**Exercise goal:** Once the line holding "# Gerber and drill files" is found in the listing below, write it out and each later line exactly, up to and including the one holding "## top copper".

**The data:**
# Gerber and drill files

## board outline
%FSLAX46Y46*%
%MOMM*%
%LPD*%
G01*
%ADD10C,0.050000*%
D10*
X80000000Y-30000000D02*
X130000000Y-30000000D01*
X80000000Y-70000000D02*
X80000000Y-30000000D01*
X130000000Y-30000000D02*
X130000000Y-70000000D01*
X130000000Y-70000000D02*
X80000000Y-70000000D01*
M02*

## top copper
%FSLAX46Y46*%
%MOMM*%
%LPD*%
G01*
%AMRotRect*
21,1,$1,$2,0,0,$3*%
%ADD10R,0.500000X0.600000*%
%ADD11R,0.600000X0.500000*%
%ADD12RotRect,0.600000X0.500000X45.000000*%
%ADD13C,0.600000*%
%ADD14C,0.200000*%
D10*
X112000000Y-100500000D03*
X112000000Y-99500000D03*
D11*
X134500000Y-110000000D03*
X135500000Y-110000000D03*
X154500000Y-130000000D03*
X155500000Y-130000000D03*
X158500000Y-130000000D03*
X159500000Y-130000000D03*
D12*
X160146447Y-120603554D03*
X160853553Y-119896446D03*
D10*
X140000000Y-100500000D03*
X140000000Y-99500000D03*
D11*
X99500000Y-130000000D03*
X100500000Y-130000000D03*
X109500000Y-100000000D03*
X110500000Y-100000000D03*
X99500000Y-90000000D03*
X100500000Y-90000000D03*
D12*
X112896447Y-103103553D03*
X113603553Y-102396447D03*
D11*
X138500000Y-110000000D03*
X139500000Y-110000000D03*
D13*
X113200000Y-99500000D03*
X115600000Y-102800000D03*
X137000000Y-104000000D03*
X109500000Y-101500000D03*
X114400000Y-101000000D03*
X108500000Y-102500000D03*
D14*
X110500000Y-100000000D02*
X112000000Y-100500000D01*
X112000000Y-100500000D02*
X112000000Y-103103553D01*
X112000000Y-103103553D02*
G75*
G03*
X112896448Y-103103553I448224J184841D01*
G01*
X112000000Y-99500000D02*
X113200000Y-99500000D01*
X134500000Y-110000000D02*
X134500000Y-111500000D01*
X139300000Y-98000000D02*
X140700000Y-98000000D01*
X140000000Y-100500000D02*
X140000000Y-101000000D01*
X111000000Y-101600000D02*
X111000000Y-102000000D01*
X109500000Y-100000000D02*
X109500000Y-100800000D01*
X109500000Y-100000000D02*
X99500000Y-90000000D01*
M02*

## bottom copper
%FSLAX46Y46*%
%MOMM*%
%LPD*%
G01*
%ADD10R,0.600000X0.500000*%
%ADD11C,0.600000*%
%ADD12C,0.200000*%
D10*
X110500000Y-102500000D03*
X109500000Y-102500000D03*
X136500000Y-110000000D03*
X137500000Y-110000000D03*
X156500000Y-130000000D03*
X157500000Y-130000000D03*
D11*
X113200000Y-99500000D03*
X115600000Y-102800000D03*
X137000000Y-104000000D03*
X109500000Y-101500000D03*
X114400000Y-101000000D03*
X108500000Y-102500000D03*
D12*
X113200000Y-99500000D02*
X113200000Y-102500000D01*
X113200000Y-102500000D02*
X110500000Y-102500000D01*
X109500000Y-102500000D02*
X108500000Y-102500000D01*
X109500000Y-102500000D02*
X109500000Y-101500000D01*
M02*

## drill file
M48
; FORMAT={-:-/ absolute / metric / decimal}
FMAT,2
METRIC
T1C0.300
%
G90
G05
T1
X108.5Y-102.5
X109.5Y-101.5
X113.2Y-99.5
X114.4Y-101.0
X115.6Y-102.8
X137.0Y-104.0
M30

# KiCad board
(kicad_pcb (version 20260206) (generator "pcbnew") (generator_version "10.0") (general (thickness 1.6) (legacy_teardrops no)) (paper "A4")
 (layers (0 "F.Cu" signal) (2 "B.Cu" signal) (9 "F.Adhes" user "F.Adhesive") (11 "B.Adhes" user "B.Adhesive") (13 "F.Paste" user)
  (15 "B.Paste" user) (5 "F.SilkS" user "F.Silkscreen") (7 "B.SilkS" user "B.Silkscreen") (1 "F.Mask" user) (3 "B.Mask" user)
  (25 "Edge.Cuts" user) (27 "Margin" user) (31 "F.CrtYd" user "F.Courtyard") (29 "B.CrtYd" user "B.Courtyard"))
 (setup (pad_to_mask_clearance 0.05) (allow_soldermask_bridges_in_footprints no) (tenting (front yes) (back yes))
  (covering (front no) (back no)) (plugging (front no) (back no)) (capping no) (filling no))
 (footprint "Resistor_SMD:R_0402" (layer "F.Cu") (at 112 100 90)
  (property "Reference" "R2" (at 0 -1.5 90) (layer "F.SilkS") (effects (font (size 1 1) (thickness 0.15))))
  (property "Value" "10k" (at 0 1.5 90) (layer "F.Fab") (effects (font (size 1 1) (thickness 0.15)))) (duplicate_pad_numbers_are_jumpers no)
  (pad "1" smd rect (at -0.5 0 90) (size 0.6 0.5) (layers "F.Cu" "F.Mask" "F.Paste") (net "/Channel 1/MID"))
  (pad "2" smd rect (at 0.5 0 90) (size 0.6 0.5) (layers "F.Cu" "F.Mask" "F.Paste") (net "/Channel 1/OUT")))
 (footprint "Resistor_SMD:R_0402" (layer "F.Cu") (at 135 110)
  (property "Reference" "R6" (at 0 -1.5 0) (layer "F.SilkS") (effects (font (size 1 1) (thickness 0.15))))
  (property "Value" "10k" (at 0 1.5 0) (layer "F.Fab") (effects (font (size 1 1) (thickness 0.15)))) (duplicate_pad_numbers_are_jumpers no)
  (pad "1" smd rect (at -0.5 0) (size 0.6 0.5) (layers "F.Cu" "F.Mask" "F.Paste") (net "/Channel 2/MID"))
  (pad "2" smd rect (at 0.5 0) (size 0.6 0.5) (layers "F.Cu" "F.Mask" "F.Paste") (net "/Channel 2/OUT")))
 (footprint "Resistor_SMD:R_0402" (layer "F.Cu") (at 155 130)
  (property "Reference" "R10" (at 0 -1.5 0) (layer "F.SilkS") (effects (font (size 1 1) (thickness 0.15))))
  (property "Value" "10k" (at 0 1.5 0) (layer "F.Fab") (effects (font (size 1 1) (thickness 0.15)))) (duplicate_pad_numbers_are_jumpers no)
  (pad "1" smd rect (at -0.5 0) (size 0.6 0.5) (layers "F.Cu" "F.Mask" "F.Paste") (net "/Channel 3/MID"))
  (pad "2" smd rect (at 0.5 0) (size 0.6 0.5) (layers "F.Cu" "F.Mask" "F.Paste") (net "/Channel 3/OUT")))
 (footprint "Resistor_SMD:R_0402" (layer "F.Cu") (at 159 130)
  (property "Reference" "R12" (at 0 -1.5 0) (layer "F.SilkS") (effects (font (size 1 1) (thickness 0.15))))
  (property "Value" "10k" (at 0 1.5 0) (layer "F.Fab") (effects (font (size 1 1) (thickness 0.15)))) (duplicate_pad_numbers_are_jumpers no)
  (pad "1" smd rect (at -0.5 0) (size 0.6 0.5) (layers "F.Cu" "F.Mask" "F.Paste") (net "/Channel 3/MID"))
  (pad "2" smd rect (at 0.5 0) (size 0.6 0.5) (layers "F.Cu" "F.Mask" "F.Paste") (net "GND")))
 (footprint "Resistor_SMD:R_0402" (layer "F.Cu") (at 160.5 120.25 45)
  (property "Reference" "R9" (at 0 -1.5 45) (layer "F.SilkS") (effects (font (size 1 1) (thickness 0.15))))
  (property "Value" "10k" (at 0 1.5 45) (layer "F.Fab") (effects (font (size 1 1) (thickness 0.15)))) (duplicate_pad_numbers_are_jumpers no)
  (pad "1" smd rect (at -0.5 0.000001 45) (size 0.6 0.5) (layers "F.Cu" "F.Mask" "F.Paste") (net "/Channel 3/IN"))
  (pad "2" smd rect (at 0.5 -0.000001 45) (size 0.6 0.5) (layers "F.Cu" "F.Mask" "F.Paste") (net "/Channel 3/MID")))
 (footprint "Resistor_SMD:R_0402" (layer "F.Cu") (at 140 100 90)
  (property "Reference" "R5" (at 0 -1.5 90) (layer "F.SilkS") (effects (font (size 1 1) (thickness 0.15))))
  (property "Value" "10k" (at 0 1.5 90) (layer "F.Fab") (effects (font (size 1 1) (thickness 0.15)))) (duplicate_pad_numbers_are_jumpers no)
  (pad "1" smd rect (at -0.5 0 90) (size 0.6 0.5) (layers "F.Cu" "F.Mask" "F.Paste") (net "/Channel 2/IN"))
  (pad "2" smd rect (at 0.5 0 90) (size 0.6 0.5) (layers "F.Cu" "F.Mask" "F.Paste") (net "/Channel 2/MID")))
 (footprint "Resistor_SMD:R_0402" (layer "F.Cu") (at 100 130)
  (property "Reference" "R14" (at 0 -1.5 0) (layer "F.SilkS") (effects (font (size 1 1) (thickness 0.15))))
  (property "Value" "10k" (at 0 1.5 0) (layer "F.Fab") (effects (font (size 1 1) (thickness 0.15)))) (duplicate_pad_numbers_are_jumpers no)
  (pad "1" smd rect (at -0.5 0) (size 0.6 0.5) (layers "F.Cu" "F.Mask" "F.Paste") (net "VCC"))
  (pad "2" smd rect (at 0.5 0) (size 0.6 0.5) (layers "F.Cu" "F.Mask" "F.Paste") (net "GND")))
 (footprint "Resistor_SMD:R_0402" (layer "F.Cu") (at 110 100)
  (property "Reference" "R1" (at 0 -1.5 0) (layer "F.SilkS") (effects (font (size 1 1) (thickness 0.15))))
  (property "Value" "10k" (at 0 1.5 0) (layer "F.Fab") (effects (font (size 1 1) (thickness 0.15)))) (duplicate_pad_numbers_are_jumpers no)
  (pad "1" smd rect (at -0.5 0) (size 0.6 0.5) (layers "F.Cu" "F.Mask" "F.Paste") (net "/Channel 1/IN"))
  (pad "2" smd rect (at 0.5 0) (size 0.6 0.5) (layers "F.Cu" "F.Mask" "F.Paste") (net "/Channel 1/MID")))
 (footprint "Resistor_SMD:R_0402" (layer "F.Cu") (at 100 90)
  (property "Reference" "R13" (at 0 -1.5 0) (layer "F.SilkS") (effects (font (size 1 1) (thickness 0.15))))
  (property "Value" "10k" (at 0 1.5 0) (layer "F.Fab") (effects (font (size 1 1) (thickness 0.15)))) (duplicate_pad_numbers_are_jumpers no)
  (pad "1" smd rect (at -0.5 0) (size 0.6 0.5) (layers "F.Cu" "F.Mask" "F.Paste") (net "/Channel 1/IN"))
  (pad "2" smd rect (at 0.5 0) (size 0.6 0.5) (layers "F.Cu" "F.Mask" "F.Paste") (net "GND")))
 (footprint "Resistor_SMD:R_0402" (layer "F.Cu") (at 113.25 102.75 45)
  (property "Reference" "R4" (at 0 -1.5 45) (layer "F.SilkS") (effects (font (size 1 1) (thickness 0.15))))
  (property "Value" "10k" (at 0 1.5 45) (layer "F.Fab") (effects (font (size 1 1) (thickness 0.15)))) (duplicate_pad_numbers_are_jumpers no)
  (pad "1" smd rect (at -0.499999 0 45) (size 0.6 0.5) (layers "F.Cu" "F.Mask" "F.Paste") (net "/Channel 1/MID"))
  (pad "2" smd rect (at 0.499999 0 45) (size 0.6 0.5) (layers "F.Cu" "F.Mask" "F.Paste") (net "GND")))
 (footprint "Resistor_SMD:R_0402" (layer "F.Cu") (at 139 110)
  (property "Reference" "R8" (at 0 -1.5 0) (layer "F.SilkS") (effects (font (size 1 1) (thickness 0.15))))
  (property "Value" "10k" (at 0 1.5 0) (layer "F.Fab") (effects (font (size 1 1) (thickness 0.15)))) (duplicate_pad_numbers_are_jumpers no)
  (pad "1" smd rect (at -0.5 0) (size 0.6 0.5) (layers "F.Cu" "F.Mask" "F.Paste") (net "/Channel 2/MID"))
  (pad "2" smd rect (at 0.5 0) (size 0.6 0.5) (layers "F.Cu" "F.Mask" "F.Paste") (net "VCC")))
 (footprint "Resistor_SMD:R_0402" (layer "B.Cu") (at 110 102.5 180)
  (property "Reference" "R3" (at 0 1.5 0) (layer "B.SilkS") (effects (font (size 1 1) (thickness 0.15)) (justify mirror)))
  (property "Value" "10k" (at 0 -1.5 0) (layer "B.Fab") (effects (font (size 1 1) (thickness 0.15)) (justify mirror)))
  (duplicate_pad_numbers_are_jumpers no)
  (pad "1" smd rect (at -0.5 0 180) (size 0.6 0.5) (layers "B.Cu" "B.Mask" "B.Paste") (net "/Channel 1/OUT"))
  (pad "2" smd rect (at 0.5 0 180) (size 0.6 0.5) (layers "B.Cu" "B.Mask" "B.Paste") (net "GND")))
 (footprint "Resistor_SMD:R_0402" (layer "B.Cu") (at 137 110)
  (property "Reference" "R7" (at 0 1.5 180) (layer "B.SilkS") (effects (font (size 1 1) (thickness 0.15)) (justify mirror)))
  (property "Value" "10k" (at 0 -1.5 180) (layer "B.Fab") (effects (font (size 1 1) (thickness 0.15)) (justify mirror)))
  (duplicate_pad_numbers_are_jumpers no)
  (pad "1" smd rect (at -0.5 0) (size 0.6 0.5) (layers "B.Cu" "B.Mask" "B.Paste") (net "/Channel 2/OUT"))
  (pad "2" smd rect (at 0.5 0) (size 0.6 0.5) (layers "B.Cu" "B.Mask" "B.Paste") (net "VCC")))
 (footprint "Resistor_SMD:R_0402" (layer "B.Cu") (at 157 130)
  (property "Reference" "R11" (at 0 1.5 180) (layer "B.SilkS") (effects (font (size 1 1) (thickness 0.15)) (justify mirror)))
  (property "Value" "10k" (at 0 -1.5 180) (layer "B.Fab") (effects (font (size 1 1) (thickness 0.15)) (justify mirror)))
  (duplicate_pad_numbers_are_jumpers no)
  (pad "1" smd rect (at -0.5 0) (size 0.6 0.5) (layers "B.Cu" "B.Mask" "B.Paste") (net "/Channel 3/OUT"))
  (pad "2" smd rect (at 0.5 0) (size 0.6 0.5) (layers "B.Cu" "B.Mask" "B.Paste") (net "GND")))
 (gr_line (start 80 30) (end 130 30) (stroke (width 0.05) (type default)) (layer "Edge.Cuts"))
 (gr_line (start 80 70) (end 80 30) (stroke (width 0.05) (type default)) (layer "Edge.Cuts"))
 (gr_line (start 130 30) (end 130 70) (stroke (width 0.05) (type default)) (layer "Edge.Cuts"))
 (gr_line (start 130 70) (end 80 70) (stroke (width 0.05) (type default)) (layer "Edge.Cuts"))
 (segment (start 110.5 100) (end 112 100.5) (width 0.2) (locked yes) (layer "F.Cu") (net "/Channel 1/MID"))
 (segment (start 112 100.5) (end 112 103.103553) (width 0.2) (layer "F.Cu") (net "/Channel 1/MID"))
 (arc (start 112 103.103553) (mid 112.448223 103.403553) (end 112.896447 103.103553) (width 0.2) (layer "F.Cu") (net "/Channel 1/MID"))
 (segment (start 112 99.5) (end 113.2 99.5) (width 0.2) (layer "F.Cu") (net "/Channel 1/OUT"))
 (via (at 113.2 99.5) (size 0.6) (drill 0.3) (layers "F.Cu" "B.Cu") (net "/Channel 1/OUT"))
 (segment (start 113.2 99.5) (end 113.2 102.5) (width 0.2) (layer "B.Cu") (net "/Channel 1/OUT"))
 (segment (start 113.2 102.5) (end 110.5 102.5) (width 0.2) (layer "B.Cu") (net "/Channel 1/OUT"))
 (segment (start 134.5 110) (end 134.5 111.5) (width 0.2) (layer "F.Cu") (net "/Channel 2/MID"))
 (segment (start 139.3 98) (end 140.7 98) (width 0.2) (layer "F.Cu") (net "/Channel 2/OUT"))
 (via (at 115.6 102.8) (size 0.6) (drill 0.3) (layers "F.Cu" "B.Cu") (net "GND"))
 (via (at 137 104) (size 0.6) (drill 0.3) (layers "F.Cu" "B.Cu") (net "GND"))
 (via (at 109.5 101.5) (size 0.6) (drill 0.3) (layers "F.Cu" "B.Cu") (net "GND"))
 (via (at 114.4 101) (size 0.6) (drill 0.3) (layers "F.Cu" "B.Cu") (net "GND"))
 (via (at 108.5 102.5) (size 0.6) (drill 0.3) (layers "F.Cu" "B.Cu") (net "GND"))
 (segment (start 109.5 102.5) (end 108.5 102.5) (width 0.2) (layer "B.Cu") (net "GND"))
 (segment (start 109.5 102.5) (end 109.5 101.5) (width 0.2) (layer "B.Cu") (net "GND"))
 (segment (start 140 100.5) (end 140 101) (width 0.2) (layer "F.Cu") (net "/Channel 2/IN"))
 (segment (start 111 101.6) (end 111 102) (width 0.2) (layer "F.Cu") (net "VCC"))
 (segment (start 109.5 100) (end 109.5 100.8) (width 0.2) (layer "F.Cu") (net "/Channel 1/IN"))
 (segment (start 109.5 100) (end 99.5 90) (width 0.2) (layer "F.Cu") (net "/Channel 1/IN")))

--

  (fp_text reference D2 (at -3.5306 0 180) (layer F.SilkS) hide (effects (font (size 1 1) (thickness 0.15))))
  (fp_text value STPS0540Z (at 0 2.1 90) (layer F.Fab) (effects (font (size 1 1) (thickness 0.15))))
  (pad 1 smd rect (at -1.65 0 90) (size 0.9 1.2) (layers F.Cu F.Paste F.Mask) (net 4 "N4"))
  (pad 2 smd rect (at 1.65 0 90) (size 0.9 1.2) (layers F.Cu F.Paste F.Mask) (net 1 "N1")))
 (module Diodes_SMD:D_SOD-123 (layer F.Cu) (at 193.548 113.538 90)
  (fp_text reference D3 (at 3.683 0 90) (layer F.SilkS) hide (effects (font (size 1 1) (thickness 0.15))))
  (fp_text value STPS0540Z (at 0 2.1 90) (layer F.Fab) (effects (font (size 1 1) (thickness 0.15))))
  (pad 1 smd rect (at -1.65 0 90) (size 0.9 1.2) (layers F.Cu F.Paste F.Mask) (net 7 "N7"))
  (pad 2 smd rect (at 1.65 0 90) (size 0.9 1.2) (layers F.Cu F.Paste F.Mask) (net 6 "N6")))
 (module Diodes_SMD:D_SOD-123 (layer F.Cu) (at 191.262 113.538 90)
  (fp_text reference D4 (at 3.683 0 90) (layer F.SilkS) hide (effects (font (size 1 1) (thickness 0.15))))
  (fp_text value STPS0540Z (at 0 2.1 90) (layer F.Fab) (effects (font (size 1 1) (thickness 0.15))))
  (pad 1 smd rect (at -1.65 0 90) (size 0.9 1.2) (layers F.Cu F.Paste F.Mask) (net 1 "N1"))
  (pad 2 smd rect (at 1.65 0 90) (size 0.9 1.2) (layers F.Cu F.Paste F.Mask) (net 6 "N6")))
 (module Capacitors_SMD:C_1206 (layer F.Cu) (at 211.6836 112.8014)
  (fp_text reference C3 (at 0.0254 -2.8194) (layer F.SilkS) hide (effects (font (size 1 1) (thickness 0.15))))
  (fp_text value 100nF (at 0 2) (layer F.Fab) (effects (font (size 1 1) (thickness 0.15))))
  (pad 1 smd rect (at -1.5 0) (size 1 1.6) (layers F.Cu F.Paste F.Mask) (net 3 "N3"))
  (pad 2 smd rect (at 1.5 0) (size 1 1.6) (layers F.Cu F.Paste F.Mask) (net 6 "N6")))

**Exercise output:**
# Gerber and drill files

## board outline
%FSLAX46Y46*%
%MOMM*%
%LPD*%
G01*
%ADD10C,0.050000*%
D10*
X80000000Y-30000000D02*
X130000000Y-30000000D01*
X80000000Y-70000000D02*
X80000000Y-30000000D01*
X130000000Y-30000000D02*
X130000000Y-70000000D01*
X130000000Y-70000000D02*
X80000000Y-70000000D01*
M02*

## top copper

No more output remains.